::: Records to process :::

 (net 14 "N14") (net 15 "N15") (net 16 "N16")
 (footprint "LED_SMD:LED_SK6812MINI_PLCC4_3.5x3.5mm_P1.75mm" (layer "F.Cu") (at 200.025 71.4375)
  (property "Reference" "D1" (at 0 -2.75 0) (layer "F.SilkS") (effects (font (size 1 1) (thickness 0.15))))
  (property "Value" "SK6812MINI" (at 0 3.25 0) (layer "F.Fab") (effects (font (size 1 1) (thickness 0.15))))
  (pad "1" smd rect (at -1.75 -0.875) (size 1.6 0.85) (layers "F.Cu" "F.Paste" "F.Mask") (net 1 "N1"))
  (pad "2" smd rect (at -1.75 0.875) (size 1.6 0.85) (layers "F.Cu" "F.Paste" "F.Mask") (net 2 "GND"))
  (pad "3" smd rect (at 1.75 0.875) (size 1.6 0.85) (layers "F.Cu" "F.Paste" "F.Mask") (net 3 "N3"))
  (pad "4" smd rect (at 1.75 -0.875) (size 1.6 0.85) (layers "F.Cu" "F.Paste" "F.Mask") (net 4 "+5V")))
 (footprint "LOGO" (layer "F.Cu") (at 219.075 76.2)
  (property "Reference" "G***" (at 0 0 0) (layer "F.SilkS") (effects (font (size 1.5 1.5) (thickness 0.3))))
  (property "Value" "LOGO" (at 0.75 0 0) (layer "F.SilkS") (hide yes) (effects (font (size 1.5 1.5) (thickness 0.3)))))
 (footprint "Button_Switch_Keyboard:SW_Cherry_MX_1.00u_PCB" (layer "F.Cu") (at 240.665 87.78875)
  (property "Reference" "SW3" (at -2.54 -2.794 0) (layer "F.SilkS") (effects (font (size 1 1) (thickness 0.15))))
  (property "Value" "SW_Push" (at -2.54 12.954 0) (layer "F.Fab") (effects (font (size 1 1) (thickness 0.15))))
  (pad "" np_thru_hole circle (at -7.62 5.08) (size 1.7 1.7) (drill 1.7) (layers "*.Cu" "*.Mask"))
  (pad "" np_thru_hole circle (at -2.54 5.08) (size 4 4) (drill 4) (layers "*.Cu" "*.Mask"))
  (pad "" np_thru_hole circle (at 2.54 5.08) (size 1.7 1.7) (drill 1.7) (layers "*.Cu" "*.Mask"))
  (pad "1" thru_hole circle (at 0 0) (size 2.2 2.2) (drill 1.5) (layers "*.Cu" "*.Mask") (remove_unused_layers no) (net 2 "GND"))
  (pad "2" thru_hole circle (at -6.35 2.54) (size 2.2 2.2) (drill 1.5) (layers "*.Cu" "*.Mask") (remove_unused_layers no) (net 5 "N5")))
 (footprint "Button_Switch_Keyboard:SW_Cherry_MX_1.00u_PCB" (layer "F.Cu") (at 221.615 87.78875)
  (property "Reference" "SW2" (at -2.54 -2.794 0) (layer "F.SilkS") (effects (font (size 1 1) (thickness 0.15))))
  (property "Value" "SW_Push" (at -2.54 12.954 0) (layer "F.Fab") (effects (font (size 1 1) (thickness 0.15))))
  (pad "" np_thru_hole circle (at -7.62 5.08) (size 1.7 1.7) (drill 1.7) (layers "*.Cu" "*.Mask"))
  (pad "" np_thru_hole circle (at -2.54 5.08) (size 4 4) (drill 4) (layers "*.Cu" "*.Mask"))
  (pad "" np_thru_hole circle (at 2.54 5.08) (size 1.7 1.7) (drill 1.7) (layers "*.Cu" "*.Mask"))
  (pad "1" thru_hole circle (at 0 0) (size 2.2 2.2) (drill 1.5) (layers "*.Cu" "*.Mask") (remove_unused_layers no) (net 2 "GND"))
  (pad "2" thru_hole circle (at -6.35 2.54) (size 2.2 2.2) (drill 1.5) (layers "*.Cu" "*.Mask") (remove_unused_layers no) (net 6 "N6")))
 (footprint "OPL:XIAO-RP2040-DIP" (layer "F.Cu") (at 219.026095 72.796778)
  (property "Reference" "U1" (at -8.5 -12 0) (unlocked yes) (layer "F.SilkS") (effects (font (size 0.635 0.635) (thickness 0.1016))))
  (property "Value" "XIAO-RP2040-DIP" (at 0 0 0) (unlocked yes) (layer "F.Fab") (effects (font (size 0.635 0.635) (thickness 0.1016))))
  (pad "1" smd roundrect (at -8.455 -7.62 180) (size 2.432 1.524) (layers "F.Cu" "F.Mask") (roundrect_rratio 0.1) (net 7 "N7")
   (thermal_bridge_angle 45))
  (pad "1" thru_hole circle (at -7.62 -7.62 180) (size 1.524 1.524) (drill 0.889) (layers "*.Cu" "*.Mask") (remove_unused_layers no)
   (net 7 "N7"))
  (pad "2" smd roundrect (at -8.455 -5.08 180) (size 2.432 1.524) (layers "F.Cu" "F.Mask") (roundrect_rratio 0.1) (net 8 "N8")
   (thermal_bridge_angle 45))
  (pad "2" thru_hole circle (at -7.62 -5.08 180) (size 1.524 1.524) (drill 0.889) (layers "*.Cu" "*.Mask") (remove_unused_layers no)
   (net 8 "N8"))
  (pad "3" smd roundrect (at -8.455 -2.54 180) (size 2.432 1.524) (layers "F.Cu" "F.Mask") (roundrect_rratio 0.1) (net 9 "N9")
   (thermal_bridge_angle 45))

:::
::: Records to process :::

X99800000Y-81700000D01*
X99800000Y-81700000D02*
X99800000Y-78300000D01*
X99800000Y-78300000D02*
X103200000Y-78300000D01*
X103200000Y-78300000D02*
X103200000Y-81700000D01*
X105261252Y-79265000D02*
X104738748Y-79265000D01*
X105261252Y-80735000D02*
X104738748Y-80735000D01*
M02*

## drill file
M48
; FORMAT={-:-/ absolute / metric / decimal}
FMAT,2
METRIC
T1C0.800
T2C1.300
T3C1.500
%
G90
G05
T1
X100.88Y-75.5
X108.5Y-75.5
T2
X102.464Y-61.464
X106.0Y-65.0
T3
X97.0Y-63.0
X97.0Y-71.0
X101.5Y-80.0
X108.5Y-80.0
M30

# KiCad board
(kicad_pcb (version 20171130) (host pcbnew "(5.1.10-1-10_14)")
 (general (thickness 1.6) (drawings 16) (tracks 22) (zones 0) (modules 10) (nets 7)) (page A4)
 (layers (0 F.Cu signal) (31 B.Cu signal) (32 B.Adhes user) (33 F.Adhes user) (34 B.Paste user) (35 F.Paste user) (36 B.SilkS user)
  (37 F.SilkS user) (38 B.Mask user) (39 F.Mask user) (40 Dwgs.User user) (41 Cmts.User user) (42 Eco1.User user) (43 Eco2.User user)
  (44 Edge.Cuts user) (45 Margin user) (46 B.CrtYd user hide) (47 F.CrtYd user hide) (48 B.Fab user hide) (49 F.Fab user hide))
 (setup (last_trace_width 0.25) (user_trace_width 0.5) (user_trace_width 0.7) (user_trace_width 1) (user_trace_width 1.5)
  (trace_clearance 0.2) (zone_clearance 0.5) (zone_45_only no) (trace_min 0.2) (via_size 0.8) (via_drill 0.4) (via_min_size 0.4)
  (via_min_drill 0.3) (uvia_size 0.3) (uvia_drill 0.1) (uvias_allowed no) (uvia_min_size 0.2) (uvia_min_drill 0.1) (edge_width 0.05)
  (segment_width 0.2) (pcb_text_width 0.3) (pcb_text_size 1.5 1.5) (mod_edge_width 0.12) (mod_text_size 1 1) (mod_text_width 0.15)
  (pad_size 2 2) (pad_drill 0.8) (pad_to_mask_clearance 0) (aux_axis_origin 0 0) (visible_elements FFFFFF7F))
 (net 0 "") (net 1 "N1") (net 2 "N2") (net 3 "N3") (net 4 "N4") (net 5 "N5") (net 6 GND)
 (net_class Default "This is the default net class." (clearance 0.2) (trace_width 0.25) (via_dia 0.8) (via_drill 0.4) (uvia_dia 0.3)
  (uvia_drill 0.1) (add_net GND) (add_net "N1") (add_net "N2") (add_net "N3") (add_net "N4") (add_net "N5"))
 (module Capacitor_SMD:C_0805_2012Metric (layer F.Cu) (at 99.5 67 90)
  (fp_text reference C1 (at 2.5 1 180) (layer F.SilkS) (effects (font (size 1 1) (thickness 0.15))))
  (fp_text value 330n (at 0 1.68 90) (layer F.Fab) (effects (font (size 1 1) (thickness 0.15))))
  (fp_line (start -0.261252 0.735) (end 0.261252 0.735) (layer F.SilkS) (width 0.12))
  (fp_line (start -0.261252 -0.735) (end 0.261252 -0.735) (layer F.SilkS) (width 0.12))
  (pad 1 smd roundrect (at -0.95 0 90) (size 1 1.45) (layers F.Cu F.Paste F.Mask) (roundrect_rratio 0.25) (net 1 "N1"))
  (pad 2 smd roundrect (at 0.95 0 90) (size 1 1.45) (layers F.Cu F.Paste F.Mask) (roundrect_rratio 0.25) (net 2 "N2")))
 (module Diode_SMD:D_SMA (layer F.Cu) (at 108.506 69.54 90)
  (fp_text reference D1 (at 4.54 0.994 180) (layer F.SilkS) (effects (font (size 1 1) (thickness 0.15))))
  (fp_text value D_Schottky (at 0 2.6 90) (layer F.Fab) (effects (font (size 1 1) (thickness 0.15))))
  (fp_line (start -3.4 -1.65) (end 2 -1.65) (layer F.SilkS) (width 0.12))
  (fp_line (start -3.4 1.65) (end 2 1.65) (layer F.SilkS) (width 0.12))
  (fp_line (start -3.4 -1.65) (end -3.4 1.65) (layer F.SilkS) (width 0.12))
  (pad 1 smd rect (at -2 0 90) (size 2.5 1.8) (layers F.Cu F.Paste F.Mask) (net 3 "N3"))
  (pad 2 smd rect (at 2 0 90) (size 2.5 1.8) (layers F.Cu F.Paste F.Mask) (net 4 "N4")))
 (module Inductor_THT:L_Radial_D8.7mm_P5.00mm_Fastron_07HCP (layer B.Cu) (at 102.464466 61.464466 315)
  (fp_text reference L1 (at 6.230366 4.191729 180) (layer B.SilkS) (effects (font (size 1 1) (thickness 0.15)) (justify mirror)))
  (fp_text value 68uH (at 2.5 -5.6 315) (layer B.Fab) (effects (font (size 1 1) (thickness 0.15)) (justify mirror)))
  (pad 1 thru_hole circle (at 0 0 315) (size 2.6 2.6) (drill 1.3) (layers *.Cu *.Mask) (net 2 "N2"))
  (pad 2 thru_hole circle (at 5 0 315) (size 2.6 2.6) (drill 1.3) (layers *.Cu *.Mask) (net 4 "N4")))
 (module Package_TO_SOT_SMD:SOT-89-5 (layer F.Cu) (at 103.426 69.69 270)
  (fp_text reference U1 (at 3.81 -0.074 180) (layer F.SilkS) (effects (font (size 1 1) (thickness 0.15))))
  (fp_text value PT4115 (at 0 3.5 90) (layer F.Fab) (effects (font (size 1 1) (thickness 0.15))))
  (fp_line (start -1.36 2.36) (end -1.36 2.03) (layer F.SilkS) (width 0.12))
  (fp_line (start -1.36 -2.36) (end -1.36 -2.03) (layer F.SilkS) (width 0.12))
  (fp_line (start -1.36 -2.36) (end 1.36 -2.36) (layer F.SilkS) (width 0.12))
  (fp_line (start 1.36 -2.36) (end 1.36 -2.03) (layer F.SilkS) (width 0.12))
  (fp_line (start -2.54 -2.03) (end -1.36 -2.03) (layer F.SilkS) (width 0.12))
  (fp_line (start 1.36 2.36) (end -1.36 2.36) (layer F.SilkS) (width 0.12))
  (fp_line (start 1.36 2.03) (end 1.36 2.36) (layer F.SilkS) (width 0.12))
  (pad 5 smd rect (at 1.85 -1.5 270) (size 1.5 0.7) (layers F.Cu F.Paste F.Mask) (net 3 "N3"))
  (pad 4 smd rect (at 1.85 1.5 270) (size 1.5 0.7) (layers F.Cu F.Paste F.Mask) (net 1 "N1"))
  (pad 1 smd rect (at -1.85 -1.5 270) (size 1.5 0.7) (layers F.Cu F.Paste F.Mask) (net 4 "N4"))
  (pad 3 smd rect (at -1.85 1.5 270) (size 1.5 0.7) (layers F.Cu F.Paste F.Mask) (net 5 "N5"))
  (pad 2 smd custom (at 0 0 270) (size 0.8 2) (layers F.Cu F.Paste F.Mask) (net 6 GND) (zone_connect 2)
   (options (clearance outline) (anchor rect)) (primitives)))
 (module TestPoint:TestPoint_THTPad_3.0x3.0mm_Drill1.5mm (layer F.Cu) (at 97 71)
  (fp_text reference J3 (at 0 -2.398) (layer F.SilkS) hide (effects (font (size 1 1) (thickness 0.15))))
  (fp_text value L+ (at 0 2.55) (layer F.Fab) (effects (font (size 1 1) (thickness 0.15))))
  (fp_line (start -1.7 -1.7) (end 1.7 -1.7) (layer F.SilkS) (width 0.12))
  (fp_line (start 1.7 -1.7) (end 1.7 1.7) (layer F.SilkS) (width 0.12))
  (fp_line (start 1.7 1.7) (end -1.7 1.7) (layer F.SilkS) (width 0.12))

:::

**Problem requirements:** Every line from the line containing "X99800000Y-81700000D02*" through the line containing "(trace_clearance 0.2) (zone_clearance" in the records above must be retyped exactly. Leave out the rest.

**Expected output:**
X99800000Y-81700000D02*
X99800000Y-78300000D01*
X99800000Y-78300000D02*
X103200000Y-78300000D01*
X103200000Y-78300000D02*
X103200000Y-81700000D01*
X105261252Y-79265000D02*
X104738748Y-79265000D01*
X105261252Y-80735000D02*
X104738748Y-80735000D01*
M02*

## drill file
M48
; FORMAT={-:-/ absolute / metric / decimal}
FMAT,2
METRIC
T1C0.800
T2C1.300
T3C1.500
%
G90
G05
T1
X100.88Y-75.5
X108.5Y-75.5
T2
X102.464Y-61.464
X106.0Y-65.0
T3
X97.0Y-63.0
X97.0Y-71.0
X101.5Y-80.0
X108.5Y-80.0
M30

# KiCad board
(kicad_pcb (version 20171130) (host pcbnew "(5.1.10-1-10_14)")
 (general (thickness 1.6) (drawings 16) (tracks 22) (zones 0) (modules 10) (nets 7)) (page A4)
 (layers (0 F.Cu signal) (31 B.Cu signal) (32 B.Adhes user) (33 F.Adhes user) (34 B.Paste user) (35 F.Paste user) (36 B.SilkS user)
  (37 F.SilkS user) (38 B.Mask user) (39 F.Mask user) (40 Dwgs.User user) (41 Cmts.User user) (42 Eco1.User user) (43 Eco2.User user)
  (44 Edge.Cuts user) (45 Margin user) (46 B.CrtYd user hide) (47 F.CrtYd user hide) (48 B.Fab user hide) (49 F.Fab user hide))
 (setup (last_trace_width 0.25) (user_trace_width 0.5) (user_trace_width 0.7) (user_trace_width 1) (user_trace_width 1.5)
  (trace_clearance 0.2) (zone_clearance 0.5) (zone_45_only no) (trace_min 0.2) (via_size 0.8) (via_drill 0.4) (via_min_size 0.4)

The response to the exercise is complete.